● TASK ITEM
Every line in the data below from the one containing "X100000000Y-105550000D01*" down to the one containing "0.15)) (justify mirror)))", both included, must be retyped exactly; no other line is to appear.

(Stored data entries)
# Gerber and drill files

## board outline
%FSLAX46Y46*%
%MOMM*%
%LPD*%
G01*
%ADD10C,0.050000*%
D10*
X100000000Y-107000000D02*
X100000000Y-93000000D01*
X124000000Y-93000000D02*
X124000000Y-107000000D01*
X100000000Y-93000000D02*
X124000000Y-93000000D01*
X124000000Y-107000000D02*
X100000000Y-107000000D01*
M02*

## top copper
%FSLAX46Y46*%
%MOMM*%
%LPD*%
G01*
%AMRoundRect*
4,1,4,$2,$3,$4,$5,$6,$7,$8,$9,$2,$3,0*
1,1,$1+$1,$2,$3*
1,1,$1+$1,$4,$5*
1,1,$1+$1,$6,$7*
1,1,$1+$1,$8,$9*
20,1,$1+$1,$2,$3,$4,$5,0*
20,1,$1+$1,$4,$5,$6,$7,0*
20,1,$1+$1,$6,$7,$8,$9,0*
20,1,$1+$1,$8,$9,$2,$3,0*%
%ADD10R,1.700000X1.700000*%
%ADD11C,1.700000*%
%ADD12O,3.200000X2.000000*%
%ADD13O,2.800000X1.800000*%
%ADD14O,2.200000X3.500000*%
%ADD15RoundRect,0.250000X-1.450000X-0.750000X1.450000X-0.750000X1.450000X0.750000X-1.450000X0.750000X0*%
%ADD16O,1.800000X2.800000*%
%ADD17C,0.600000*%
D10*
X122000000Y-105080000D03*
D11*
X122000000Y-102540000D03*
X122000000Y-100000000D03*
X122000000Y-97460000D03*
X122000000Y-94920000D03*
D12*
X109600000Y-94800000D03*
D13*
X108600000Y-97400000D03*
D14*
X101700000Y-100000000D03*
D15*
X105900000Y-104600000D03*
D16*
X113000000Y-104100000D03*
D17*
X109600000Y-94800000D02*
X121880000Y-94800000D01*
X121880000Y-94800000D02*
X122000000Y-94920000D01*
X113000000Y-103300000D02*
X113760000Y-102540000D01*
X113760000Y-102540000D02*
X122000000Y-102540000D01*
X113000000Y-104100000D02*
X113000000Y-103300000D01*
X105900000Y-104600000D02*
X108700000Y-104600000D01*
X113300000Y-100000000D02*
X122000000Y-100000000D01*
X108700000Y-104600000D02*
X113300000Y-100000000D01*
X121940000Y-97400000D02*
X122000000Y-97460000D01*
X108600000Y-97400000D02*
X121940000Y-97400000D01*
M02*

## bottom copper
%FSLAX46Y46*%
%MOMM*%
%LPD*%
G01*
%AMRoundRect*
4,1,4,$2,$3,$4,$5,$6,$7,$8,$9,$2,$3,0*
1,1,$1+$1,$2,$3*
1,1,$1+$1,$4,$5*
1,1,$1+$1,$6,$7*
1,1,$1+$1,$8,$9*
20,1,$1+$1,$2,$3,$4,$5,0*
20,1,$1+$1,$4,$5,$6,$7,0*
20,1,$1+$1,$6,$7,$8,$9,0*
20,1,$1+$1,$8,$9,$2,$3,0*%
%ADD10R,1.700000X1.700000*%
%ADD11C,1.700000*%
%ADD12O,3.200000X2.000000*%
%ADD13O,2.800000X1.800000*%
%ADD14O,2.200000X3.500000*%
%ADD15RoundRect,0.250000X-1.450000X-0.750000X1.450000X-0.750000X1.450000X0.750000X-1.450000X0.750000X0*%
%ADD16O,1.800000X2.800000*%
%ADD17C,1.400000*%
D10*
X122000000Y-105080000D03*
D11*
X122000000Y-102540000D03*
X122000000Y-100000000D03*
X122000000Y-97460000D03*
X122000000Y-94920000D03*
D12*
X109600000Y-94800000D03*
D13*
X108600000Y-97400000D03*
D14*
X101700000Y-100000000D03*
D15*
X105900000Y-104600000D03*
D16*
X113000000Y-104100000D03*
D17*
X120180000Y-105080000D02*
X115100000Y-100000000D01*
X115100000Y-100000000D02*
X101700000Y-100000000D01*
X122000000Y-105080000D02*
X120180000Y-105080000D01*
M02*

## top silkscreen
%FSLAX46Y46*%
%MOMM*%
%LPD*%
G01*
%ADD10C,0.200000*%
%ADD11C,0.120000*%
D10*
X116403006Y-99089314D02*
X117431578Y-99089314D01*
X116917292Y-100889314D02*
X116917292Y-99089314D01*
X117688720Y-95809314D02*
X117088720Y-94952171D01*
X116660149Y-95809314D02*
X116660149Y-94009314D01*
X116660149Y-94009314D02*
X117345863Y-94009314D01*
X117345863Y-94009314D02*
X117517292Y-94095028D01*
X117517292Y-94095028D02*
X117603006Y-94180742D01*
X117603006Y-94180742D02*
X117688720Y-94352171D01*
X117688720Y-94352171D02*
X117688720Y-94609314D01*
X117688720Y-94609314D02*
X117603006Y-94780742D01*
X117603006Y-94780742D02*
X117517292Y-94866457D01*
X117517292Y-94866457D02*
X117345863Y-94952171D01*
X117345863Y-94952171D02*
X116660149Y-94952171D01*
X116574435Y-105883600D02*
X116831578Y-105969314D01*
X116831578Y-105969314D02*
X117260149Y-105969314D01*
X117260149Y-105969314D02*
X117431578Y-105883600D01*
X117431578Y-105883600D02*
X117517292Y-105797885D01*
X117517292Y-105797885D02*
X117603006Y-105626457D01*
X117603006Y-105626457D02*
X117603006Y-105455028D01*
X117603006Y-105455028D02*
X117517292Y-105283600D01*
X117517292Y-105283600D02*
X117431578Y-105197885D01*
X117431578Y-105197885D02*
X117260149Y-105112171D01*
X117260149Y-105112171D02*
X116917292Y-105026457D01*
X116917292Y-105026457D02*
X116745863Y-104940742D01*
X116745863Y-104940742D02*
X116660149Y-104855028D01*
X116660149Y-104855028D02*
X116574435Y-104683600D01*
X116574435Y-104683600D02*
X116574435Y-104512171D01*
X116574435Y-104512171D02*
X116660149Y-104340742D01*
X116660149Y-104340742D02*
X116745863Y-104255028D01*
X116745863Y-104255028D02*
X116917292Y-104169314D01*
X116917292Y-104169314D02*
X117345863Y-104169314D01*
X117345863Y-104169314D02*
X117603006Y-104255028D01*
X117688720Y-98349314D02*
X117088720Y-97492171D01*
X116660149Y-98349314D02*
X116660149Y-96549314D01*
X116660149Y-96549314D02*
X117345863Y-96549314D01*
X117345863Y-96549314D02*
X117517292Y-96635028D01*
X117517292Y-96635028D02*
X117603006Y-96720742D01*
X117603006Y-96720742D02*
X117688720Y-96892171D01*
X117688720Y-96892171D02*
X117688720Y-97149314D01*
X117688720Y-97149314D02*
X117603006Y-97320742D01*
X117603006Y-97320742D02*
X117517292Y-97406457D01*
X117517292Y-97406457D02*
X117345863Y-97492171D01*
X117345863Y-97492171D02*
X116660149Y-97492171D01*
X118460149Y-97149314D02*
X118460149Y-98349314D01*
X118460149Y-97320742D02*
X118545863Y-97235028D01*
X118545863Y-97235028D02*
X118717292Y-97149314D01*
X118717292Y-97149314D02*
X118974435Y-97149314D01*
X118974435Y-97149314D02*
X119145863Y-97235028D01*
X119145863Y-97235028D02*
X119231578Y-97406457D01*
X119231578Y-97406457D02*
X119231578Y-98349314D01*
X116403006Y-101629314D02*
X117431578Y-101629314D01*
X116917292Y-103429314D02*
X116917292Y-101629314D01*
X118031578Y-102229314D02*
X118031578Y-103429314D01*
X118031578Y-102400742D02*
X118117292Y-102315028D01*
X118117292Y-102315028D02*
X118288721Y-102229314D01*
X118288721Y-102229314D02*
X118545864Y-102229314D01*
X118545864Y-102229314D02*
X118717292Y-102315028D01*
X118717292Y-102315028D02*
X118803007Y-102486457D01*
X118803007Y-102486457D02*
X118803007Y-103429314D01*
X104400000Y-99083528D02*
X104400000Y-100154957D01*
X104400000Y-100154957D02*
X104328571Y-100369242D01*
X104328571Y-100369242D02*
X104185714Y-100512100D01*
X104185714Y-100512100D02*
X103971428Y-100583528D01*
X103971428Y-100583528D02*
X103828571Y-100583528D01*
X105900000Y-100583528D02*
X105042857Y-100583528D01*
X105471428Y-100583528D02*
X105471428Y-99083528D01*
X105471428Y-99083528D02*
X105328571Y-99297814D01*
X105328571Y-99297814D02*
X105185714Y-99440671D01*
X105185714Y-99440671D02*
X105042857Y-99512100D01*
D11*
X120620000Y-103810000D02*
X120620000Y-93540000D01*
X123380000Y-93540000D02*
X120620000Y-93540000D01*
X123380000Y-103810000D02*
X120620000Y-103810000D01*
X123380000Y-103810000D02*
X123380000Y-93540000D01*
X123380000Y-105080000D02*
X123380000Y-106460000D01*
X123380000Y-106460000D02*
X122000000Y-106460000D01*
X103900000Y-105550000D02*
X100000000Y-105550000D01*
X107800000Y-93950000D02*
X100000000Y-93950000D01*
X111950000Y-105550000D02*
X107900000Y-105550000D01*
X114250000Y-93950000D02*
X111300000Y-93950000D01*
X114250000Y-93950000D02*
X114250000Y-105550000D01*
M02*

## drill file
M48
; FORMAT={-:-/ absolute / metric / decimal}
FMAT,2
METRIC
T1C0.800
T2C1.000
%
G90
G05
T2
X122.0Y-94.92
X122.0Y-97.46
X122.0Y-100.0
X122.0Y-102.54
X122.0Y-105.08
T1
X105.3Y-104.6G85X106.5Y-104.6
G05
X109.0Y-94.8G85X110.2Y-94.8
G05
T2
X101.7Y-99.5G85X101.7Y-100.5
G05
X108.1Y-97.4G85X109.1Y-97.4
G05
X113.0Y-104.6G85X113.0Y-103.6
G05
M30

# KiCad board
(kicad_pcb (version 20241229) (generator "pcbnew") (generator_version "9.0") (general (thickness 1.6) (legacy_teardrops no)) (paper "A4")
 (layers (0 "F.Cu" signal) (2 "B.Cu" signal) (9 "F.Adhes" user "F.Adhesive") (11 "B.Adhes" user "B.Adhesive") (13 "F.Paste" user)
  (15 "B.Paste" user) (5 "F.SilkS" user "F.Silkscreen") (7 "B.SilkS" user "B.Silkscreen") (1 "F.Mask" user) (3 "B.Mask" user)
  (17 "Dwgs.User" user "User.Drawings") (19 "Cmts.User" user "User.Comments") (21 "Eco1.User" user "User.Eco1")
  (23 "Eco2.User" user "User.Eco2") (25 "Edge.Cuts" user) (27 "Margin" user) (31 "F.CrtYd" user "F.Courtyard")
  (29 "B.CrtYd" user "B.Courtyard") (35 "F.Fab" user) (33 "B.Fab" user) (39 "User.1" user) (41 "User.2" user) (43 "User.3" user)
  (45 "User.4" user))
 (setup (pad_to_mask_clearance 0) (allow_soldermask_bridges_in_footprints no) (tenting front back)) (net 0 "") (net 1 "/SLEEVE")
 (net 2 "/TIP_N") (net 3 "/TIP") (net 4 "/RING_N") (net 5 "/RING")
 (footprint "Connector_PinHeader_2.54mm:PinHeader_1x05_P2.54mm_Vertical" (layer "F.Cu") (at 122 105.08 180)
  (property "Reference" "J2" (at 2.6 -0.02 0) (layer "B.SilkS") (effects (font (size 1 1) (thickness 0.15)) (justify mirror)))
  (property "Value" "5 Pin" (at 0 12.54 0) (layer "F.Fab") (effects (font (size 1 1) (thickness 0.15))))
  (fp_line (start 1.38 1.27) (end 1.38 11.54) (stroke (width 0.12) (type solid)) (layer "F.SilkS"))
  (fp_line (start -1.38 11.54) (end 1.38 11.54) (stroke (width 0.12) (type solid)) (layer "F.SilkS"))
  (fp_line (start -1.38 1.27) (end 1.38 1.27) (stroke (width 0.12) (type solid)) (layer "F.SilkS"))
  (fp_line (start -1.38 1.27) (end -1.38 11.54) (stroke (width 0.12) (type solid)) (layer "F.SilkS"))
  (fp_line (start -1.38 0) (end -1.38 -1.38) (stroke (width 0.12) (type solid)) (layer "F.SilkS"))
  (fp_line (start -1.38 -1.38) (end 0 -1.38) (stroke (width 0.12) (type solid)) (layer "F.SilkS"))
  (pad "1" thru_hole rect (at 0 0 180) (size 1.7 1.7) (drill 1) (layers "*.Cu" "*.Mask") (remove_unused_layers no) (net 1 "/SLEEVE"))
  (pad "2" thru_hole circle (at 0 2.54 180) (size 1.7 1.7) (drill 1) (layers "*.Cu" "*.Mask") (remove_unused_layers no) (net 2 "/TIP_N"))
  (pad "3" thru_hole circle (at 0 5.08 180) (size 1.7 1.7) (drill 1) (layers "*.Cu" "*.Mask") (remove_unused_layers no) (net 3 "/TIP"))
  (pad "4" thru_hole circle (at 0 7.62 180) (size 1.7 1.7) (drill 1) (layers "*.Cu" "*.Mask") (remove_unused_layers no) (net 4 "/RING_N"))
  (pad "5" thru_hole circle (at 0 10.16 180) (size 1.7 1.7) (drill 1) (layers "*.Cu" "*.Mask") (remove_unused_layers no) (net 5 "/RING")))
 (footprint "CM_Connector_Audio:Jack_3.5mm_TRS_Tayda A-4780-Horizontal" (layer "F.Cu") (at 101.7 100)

...

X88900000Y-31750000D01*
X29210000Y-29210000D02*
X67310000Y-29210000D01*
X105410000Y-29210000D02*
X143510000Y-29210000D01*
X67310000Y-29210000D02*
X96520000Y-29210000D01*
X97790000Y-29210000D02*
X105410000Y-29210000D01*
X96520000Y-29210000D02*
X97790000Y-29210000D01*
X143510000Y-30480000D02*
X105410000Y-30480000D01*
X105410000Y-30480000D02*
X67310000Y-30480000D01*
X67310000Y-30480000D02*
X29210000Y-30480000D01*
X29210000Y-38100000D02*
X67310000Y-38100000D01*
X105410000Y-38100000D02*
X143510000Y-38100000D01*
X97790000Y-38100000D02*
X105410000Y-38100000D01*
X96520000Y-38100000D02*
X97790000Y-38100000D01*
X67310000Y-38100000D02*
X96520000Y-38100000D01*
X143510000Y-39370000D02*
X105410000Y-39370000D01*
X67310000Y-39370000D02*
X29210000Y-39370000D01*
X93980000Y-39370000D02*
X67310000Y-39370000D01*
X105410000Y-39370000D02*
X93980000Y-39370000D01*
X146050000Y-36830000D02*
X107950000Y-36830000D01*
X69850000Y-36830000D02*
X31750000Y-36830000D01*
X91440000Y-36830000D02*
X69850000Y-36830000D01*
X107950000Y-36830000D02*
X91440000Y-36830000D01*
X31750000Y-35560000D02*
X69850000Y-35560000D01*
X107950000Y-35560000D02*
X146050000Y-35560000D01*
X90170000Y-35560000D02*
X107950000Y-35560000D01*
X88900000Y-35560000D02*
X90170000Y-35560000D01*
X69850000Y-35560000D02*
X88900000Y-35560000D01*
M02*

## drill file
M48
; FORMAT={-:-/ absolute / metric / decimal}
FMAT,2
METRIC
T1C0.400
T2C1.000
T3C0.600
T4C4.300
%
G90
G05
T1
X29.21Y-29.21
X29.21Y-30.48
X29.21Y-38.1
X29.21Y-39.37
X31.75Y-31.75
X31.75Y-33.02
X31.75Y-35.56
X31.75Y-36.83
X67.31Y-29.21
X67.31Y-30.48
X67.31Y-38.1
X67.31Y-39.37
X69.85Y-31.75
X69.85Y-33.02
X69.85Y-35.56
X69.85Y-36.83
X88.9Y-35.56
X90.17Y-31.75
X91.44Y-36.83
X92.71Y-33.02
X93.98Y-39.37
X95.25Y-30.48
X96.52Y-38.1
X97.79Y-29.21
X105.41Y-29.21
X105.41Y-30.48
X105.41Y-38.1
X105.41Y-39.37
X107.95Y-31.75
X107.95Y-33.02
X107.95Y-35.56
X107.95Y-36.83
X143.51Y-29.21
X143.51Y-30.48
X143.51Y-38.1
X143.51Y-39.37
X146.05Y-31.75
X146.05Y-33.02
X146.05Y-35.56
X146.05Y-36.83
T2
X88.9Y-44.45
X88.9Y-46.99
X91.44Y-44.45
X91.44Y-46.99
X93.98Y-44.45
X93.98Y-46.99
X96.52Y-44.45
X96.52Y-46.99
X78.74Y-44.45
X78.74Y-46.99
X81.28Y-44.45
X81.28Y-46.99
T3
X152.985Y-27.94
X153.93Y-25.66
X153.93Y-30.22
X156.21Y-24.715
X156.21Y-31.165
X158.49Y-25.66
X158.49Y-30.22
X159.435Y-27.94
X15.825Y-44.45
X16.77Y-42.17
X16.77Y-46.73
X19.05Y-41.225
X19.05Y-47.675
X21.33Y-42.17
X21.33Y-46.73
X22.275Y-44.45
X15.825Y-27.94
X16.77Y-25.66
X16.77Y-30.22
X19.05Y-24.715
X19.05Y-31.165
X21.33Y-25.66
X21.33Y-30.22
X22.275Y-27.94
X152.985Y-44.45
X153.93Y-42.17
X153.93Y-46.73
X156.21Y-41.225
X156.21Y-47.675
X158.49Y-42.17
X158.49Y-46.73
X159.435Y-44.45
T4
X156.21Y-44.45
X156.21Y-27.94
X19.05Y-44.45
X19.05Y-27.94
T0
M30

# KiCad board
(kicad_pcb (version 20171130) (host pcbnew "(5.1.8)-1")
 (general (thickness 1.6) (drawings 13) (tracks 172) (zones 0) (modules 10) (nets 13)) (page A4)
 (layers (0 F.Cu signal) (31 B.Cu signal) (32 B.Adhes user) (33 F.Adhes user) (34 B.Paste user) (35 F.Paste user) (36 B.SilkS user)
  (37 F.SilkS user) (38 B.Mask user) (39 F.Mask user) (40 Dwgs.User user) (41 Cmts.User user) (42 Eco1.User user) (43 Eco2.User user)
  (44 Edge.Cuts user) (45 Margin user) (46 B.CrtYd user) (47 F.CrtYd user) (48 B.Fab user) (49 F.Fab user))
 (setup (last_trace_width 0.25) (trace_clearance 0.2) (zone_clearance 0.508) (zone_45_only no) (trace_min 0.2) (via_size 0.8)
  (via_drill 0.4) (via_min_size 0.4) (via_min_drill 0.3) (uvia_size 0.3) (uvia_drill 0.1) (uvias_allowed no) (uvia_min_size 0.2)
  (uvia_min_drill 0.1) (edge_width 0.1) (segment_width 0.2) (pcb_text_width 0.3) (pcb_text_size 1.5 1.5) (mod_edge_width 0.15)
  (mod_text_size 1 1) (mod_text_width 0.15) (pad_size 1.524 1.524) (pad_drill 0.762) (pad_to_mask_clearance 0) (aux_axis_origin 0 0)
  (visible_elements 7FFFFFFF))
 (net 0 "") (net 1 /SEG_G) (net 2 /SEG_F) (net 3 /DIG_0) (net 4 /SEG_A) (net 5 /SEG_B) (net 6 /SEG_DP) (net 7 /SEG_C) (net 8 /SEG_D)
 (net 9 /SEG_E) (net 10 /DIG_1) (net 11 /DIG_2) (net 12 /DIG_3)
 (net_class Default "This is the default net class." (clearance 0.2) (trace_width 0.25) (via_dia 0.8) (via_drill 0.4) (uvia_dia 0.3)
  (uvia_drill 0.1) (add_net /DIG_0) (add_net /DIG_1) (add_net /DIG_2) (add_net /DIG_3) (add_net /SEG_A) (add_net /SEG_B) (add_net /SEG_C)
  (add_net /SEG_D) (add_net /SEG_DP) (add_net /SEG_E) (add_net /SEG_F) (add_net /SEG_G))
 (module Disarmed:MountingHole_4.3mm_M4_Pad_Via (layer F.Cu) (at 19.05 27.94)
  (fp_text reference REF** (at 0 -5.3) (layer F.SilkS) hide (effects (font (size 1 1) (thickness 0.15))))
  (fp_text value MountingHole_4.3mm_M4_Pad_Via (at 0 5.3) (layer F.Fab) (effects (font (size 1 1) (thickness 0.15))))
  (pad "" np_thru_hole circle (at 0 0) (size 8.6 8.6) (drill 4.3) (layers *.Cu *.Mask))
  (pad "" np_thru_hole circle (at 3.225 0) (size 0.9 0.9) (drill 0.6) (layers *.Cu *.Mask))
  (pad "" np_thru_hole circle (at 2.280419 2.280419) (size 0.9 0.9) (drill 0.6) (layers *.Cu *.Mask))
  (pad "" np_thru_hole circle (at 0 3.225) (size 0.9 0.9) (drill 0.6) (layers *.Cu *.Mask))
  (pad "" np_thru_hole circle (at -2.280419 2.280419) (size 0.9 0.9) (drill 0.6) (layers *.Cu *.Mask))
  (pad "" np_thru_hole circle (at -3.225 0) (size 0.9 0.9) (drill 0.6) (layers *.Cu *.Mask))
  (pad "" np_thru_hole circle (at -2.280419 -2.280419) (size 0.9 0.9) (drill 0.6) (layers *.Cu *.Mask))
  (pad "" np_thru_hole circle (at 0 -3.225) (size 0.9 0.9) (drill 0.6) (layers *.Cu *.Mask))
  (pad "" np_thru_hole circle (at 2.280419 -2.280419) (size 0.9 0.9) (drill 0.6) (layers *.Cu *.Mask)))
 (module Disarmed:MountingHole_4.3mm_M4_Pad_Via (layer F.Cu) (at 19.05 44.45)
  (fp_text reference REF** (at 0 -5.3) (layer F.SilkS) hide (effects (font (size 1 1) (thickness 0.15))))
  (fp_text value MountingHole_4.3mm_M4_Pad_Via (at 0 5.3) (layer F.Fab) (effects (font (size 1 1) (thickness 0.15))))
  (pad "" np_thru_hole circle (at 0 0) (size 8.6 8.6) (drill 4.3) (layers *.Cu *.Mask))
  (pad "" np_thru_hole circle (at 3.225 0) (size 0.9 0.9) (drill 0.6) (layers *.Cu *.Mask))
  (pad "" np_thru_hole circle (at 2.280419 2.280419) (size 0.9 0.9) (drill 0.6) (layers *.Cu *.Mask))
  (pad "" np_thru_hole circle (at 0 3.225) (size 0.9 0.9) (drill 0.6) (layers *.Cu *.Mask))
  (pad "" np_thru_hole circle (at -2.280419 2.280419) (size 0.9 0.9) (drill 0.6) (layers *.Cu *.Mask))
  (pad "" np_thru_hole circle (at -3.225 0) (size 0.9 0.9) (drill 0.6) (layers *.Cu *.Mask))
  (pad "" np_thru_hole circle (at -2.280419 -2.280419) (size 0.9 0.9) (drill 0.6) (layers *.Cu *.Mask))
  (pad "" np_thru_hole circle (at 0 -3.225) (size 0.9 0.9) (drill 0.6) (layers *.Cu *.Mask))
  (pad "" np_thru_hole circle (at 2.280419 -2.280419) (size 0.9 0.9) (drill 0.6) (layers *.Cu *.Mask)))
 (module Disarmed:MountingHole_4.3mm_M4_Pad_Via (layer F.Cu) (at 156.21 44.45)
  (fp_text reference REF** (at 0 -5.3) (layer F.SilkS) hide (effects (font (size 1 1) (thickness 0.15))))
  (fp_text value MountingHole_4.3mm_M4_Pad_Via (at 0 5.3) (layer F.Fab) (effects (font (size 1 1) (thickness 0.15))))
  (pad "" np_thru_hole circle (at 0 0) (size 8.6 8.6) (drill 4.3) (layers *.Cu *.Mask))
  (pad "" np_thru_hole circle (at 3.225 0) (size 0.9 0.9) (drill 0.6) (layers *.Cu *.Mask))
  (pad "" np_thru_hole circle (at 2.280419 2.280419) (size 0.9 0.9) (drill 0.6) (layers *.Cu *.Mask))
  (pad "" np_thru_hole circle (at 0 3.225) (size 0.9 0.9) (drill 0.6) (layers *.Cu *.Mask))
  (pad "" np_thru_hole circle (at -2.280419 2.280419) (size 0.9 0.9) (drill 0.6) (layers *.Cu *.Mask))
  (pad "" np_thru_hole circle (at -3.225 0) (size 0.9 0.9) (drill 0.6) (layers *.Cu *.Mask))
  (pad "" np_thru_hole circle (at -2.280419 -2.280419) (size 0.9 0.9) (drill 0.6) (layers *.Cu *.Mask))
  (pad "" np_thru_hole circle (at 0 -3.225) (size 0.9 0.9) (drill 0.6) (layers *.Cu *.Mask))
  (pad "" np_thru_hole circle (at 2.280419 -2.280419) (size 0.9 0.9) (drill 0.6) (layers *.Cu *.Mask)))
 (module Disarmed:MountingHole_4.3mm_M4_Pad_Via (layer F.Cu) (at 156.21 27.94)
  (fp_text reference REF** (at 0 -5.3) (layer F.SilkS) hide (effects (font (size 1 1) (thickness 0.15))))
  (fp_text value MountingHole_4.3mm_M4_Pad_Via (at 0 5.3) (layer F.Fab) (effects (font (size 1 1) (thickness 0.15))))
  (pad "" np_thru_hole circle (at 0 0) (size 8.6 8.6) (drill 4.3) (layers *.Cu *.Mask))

● WORKED SOLUTION
X100000000Y-105550000D01*
X107800000Y-93950000D02*
X100000000Y-93950000D01*
X111950000Y-105550000D02*
X107900000Y-105550000D01*
X114250000Y-93950000D02*
X111300000Y-93950000D01*
X114250000Y-93950000D02*
X114250000Y-105550000D01*
M02*

## drill file
M48
; FORMAT={-:-/ absolute / metric / decimal}
FMAT,2
METRIC
T1C0.800
T2C1.000
%
G90
G05
T2
X122.0Y-94.92
X122.0Y-97.46
X122.0Y-100.0
X122.0Y-102.54
X122.0Y-105.08
T1
X105.3Y-104.6G85X106.5Y-104.6
G05
X109.0Y-94.8G85X110.2Y-94.8
G05
T2
X101.7Y-99.5G85X101.7Y-100.5
G05
X108.1Y-97.4G85X109.1Y-97.4
G05
X113.0Y-104.6G85X113.0Y-103.6
G05
M30

# KiCad board
(kicad_pcb (version 20241229) (generator "pcbnew") (generator_version "9.0") (general (thickness 1.6) (legacy_teardrops no)) (paper "A4")
 (layers (0 "F.Cu" signal) (2 "B.Cu" signal) (9 "F.Adhes" user "F.Adhesive") (11 "B.Adhes" user "B.Adhesive") (13 "F.Paste" user)
  (15 "B.Paste" user) (5 "F.SilkS" user "F.Silkscreen") (7 "B.SilkS" user "B.Silkscreen") (1 "F.Mask" user) (3 "B.Mask" user)
  (17 "Dwgs.User" user "User.Drawings") (19 "Cmts.User" user "User.Comments") (21 "Eco1.User" user "User.Eco1")
  (23 "Eco2.User" user "User.Eco2") (25 "Edge.Cuts" user) (27 "Margin" user) (31 "F.CrtYd" user "F.Courtyard")
  (29 "B.CrtYd" user "B.Courtyard") (35 "F.Fab" user) (33 "B.Fab" user) (39 "User.1" user) (41 "User.2" user) (43 "User.3" user)
  (45 "User.4" user))
 (setup (pad_to_mask_clearance 0) (allow_soldermask_bridges_in_footprints no) (tenting front back)) (net 0 "") (net 1 "/SLEEVE")
 (net 2 "/TIP_N") (net 3 "/TIP") (net 4 "/RING_N") (net 5 "/RING")
 (footprint "Connector_PinHeader_2.54mm:PinHeader_1x05_P2.54mm_Vertical" (layer "F.Cu") (at 122 105.08 180)
  (property "Reference" "J2" (at 2.6 -0.02 0) (layer "B.SilkS") (effects (font (size 1 1) (thickness 0.15)) (justify mirror)))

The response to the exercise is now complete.